• Recorded data:
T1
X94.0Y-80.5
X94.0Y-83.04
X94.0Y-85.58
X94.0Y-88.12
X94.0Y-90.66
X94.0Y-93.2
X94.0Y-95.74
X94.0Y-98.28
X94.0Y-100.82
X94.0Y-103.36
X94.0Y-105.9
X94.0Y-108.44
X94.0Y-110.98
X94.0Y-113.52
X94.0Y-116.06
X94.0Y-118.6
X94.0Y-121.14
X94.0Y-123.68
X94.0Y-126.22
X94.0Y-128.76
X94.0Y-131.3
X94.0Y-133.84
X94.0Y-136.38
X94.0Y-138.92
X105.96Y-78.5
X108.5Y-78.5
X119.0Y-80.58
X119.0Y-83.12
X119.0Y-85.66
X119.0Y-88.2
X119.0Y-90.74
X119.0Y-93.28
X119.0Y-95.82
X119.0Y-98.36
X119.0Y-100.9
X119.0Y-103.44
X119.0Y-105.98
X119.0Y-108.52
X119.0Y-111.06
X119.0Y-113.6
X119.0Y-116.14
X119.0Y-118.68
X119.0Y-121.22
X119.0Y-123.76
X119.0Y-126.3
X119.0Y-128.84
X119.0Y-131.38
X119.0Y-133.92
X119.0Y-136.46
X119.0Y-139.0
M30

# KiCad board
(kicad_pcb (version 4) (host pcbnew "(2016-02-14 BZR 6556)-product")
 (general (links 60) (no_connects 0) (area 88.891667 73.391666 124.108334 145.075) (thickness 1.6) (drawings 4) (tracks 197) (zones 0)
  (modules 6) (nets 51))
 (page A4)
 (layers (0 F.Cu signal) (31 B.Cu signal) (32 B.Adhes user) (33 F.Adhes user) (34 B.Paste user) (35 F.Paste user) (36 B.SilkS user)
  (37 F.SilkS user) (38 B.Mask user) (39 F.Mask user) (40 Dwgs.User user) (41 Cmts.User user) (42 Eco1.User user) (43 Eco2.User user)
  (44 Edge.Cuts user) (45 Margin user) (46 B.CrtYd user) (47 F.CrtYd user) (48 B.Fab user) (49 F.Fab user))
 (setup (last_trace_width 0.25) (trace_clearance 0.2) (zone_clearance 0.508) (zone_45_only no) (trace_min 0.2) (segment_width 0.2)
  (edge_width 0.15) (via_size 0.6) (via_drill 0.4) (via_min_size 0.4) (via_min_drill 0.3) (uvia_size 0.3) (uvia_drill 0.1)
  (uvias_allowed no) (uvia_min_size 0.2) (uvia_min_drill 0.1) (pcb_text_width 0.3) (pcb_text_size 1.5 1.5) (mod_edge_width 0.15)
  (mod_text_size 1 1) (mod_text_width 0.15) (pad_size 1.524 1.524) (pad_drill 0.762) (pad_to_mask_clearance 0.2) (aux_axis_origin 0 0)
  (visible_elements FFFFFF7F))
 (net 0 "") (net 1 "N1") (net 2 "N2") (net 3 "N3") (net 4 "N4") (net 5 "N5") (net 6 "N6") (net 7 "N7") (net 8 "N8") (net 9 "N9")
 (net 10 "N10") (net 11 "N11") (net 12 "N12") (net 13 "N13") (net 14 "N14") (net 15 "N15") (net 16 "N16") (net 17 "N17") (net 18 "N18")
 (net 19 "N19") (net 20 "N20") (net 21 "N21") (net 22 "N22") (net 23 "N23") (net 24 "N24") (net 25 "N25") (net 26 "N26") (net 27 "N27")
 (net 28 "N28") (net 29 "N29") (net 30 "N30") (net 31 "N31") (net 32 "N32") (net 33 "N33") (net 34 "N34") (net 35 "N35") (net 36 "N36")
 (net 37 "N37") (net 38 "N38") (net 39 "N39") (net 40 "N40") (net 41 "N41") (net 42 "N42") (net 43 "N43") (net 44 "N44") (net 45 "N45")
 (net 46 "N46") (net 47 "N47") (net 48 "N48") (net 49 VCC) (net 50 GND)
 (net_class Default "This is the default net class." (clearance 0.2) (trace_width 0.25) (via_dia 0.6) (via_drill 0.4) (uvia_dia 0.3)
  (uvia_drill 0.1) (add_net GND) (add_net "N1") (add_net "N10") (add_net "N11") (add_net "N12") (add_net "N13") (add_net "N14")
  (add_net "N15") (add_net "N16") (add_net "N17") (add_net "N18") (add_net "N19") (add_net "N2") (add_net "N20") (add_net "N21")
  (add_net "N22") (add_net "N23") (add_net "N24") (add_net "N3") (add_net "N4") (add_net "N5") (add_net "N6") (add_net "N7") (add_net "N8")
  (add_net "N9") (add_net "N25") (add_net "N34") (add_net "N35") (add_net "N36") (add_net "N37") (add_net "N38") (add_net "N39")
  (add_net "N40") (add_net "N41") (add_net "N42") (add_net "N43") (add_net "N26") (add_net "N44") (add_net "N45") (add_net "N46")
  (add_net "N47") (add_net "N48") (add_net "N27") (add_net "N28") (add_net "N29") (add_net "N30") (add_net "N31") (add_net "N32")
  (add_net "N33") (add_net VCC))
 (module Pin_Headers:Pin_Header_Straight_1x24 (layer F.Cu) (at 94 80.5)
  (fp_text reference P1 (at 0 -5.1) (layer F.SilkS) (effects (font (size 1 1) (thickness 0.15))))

• What is expected:
Nothing but the lines from the start of the data through the line holding "(44 Edge.Cuts user)" should be restated, and each one exactly.

• Answer for the task:
T1
X94.0Y-80.5
X94.0Y-83.04
X94.0Y-85.58
X94.0Y-88.12
X94.0Y-90.66
X94.0Y-93.2
X94.0Y-95.74
X94.0Y-98.28
X94.0Y-100.82
X94.0Y-103.36
X94.0Y-105.9
X94.0Y-108.44
X94.0Y-110.98
X94.0Y-113.52
X94.0Y-116.06
X94.0Y-118.6
X94.0Y-121.14
X94.0Y-123.68
X94.0Y-126.22
X94.0Y-128.76
X94.0Y-131.3
X94.0Y-133.84
X94.0Y-136.38
X94.0Y-138.92
X105.96Y-78.5
X108.5Y-78.5
X119.0Y-80.58
X119.0Y-83.12
X119.0Y-85.66
X119.0Y-88.2
X119.0Y-90.74
X119.0Y-93.28
X119.0Y-95.82
X119.0Y-98.36
X119.0Y-100.9
X119.0Y-103.44
X119.0Y-105.98
X119.0Y-108.52
X119.0Y-111.06
X119.0Y-113.6
X119.0Y-116.14
X119.0Y-118.68
X119.0Y-121.22
X119.0Y-123.76
X119.0Y-126.3
X119.0Y-128.84
X119.0Y-131.38
X119.0Y-133.92
X119.0Y-136.46
X119.0Y-139.0
M30

# KiCad board
(kicad_pcb (version 4) (host pcbnew "(2016-02-14 BZR 6556)-product")
 (general (links 60) (no_connects 0) (area 88.891667 73.391666 124.108334 145.075) (thickness 1.6) (drawings 4) (tracks 197) (zones 0)
  (modules 6) (nets 51))
 (page A4)
 (layers (0 F.Cu signal) (31 B.Cu signal) (32 B.Adhes user) (33 F.Adhes user) (34 B.Paste user) (35 F.Paste user) (36 B.SilkS user)
  (37 F.SilkS user) (38 B.Mask user) (39 F.Mask user) (40 Dwgs.User user) (41 Cmts.User user) (42 Eco1.User user) (43 Eco2.User user)
  (44 Edge.Cuts user) (45 Margin user) (46 B.CrtYd user) (47 F.CrtYd user) (48 B.Fab user) (49 F.Fab user))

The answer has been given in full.